I’ve cried in prayer about it. I first looked at other churches around here. I want to be back serving in a church. I don’t have to be a pastor, asst, youth , or even a door holder. I don’t need a title. I just want to be somewhere i feel the Holy spirit, has great teachings, and I can do something to serve God and serve others.
We drove to a great Church up in Lexington Sunday cause we had slacked for a couple Sundays. The message felt directed right at me, Don’t give up! keep your passion! but i didn’t get the message to stay here or go. Just not to hang my head. Today heather took her licensing test (we will know if she passed Friday) To celebrate I suggested Italian ( i know we are poor but this was celebration!… and cheap Italian) but changed my mind we eventually agreed on Chinese ! my fortune cookie? “You are about to leave on a Pleasant Journey” or something very close to that, it’s in my wallet in the other room. So does God speak through fortune cookies?
I don’t think this is anything any of you can answer. I appreciate the many times you guys have let me vent on the boards. My life hasn’t been boring, but I can’t recall any of you telling me to hush that i’m just whining, and sometimes i have been.
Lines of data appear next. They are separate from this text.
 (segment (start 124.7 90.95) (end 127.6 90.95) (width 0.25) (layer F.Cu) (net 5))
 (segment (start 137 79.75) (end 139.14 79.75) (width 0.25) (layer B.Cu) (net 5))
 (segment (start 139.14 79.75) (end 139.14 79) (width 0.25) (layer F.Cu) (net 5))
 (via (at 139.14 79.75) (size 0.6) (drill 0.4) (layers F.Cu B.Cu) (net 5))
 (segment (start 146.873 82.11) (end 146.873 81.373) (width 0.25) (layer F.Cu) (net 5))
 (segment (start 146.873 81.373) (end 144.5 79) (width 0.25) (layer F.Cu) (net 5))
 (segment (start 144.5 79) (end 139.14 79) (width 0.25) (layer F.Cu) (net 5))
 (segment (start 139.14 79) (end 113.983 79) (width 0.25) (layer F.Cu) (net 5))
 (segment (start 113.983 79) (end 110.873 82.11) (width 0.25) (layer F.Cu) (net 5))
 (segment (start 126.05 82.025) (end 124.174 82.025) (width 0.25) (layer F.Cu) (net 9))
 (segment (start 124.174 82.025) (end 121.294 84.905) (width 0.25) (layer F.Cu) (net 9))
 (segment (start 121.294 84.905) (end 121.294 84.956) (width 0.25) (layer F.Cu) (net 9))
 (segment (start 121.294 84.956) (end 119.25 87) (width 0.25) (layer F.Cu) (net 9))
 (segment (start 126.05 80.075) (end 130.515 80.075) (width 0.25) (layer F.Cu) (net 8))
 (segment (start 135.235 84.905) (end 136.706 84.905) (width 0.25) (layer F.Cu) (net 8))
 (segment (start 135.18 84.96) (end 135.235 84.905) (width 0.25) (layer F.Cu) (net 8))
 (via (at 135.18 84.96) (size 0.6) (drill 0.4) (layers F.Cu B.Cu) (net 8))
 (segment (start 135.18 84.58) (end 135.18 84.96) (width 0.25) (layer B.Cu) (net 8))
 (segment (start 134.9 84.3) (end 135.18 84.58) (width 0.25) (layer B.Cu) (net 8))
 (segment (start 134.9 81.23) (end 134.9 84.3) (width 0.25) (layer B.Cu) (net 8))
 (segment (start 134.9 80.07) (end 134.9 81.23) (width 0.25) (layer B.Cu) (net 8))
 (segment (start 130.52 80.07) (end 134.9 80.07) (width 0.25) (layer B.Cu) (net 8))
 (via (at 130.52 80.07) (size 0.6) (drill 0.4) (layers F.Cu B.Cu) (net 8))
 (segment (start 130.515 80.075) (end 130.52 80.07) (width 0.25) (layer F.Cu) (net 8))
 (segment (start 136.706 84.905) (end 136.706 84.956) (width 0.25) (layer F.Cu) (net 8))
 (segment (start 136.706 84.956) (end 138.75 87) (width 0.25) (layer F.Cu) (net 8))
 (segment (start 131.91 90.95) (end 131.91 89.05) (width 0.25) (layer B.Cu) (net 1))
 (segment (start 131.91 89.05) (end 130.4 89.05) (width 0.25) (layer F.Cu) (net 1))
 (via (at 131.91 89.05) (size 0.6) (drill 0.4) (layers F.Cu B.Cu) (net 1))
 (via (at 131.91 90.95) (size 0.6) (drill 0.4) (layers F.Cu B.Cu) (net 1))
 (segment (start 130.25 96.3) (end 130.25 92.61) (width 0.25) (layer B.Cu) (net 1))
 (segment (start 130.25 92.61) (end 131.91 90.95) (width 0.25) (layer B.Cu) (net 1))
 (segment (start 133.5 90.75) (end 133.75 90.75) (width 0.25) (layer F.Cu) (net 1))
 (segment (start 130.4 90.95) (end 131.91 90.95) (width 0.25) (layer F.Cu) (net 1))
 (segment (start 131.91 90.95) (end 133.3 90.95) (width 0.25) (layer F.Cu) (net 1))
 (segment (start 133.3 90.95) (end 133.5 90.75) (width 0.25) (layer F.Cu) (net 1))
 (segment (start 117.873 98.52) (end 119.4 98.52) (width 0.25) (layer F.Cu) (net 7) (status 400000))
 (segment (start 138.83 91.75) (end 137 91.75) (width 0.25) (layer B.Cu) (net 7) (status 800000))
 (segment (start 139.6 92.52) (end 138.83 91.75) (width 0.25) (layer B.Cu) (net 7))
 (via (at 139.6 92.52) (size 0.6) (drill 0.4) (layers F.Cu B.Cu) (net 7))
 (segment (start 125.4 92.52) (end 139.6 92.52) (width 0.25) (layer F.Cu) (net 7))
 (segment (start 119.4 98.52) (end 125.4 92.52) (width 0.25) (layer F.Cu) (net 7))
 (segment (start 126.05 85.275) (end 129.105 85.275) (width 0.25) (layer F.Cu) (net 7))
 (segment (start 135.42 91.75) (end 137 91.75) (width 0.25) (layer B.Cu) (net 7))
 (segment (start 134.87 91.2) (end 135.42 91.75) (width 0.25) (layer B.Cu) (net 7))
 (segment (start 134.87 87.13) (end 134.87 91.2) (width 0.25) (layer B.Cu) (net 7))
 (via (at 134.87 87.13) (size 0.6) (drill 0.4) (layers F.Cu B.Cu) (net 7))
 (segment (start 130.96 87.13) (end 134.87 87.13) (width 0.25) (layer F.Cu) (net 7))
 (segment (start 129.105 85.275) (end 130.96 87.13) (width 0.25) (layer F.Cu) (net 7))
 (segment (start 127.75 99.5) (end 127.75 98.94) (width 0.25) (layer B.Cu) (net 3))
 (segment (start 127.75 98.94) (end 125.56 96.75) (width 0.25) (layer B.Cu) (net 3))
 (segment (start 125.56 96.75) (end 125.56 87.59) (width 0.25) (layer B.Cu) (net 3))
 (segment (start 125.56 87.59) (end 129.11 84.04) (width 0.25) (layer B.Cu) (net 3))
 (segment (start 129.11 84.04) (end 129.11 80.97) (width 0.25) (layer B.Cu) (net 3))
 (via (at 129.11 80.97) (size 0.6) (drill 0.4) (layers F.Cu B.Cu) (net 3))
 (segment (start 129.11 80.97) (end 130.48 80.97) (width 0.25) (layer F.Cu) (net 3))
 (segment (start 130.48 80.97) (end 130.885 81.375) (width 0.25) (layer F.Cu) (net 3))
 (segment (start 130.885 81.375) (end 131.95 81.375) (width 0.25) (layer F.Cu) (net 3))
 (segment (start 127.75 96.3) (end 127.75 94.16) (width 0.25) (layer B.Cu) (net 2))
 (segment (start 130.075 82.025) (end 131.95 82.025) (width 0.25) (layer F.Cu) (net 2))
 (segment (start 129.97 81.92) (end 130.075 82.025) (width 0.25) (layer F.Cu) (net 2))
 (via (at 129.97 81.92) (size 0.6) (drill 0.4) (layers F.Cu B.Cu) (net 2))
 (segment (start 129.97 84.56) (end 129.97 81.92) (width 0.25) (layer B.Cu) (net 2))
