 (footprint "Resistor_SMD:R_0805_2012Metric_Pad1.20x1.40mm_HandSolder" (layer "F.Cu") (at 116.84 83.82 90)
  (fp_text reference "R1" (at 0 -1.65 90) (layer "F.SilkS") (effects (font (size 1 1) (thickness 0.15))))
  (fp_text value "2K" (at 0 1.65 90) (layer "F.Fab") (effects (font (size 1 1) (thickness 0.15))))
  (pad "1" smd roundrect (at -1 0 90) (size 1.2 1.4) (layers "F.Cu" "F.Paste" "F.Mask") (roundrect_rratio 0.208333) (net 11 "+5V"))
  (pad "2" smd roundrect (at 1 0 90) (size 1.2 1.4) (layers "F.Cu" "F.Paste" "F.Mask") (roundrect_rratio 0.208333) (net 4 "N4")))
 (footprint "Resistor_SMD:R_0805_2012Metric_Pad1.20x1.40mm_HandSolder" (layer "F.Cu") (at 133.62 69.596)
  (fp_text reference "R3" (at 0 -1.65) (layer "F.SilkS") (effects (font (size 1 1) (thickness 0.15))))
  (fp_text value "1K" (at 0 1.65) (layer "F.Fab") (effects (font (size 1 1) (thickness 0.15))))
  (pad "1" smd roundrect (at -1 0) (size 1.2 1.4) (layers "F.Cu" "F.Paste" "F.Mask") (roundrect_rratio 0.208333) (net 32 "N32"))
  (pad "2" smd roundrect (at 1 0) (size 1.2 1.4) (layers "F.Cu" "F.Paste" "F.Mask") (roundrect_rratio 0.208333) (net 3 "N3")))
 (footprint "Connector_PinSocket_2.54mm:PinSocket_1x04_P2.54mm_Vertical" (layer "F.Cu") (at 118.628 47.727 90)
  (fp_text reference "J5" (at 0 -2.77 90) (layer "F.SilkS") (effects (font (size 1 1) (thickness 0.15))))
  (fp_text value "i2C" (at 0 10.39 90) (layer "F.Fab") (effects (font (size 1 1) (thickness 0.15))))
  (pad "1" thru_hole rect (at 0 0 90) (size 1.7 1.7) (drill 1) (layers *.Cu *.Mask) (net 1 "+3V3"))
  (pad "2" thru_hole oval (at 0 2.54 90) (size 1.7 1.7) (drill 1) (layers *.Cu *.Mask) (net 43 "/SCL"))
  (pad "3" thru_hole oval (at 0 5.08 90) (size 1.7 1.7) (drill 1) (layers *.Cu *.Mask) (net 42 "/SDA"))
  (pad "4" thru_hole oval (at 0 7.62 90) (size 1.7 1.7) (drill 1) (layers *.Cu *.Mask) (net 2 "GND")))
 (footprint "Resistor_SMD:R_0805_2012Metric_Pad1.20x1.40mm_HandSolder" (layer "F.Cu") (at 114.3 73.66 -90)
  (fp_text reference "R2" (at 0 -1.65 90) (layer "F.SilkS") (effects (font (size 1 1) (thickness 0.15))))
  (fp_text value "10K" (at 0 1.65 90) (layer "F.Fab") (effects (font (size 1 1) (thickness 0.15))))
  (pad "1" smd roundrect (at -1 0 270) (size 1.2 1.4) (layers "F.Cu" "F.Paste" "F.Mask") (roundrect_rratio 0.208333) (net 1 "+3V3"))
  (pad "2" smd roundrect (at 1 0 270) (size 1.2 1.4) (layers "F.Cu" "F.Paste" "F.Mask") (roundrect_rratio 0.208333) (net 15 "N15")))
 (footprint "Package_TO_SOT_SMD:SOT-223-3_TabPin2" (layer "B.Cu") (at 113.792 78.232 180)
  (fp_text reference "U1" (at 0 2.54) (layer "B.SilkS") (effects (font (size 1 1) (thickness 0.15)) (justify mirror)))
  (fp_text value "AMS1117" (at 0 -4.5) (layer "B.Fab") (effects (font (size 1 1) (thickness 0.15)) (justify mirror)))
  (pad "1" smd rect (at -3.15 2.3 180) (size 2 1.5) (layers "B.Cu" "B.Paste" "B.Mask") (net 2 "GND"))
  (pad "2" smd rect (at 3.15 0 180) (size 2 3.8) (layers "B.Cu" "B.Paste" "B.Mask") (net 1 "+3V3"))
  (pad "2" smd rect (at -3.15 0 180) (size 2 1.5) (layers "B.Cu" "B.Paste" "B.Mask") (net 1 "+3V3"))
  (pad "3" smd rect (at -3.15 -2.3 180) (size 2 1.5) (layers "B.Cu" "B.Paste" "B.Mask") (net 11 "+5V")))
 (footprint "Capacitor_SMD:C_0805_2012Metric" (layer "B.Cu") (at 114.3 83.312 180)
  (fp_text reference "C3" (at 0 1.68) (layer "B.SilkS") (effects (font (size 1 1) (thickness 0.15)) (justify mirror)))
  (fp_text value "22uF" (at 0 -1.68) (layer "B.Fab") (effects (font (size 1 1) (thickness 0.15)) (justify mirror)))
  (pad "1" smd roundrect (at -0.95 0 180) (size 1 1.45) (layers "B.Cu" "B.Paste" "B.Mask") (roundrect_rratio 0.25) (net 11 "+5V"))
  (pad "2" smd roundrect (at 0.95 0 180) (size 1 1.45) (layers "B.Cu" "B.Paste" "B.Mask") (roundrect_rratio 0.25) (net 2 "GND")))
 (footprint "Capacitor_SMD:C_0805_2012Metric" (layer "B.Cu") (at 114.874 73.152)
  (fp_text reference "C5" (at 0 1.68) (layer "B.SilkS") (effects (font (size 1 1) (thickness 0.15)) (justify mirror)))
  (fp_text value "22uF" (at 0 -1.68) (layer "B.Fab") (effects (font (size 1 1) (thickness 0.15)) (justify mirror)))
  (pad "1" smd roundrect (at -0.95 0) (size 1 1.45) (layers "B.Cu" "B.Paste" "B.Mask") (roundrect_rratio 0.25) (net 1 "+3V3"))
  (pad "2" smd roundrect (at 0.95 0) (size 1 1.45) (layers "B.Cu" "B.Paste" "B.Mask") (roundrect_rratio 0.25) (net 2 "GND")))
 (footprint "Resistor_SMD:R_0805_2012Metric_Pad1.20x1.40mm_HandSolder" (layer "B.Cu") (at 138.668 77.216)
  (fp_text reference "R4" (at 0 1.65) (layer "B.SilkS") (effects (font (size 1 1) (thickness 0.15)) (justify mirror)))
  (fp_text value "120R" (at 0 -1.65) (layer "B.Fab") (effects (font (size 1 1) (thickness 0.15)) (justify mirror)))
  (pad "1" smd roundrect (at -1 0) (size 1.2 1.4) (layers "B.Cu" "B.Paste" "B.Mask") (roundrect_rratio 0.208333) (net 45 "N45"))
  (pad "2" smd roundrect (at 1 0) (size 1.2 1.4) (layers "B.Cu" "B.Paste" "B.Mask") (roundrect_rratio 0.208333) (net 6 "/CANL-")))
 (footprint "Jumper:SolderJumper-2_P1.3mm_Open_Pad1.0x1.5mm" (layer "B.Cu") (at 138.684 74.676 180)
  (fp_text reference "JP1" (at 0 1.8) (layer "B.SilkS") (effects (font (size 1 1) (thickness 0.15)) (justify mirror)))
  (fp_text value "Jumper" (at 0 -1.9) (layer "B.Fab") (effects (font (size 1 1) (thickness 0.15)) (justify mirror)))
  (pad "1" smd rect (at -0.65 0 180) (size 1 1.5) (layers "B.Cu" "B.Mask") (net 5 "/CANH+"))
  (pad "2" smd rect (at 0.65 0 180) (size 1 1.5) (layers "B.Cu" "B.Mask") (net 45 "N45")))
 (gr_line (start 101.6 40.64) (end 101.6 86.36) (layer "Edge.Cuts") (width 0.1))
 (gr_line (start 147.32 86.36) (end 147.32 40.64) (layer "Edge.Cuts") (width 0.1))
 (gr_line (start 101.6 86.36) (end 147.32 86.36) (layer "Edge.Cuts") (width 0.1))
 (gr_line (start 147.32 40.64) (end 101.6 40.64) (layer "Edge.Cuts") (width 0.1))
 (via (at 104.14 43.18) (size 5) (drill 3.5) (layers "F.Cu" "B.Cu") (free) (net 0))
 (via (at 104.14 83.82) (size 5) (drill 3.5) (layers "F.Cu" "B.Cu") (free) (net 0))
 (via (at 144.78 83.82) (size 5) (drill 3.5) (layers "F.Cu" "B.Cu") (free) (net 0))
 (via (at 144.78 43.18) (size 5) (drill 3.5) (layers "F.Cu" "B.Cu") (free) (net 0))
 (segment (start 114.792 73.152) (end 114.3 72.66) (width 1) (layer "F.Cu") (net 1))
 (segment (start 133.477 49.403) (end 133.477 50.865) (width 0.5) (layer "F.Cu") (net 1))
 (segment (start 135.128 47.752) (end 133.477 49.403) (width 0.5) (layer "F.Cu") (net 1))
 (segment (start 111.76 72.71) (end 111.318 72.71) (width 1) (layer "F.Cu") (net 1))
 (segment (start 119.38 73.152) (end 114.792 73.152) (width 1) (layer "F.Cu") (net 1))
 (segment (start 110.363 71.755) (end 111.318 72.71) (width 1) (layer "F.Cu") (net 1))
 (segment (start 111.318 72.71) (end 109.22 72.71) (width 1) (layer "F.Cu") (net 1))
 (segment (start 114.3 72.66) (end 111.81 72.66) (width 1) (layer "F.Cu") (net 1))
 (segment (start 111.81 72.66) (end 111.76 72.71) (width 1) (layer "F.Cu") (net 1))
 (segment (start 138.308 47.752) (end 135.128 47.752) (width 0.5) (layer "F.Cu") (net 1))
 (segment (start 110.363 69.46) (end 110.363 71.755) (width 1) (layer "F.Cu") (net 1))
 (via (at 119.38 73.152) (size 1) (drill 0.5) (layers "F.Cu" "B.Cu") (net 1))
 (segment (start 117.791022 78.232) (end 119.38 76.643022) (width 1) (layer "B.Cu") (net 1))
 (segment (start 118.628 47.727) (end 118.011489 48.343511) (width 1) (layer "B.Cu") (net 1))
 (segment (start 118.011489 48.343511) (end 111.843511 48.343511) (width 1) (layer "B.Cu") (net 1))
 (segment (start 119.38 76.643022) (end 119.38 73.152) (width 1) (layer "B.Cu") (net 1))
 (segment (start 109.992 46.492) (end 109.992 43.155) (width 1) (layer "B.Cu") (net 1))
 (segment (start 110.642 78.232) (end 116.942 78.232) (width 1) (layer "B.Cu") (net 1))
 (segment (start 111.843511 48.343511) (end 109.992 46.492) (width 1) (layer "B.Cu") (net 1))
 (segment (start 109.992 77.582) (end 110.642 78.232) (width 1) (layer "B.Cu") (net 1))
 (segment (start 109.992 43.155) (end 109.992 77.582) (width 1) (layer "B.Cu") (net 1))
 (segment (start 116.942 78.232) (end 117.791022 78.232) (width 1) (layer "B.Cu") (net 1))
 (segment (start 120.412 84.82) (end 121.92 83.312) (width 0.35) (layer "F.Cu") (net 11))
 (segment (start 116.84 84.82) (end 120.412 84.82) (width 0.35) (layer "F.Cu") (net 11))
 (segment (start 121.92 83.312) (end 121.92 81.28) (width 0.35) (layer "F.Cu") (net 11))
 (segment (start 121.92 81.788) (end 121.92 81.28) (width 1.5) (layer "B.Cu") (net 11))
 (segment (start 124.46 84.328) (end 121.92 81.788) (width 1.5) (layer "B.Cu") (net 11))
This is really bugging me, and making me sick to my stomach just typing all this. I’m now even getting resistance from Family with getting 2nd Chance up and going. My parents threw a fit at me because i was going to take my expensive Tv and computer up to the building (for a screen!) I don’t to explain tot hem it was God’s anyways, he just let me use it
But they don’t budge. Actually banning me from using some of the Farm equipment to move stuff. I’ve run into several problems like this. I don’t want to live on Family land anymore, it just is providing to many conflicts with people i Love. My parents are forgetting I’m on my own, i’m just a neighbor. That hurts me too cause i stayed here primarily to help them when Mom got Cancer. Now my Dad is sick w/ calcium deposits he sometimes gets in his mouth. His saliva gland burst as he tried to rip a stone out himself
I had to haul him around today as he took the lord’s name in vain at the Nurses etc. Granted he was in extreme pain but i was so embarrassed. Regardless of what he says i just can’t believe he Knows Christ and I so want him too. I have to take him to surgery tomorrow, he should be okay after some removing of several of these stones. But we just don’t even act like we are from the same world most of the time.
I think i’ve had harder times, w/ the big d-word etc. Part of the effects of that still haunt me. It limits church options, it haunts me in this house of mine, and it makes me nervous about who i run into around town.
Wow! i’ve went on a long time about all this, and I may do more but I just can’t right now. I think i’m going to go lay back down and try to catch some sleep again.
Thanks for reading/praying or any combo of parts of the two!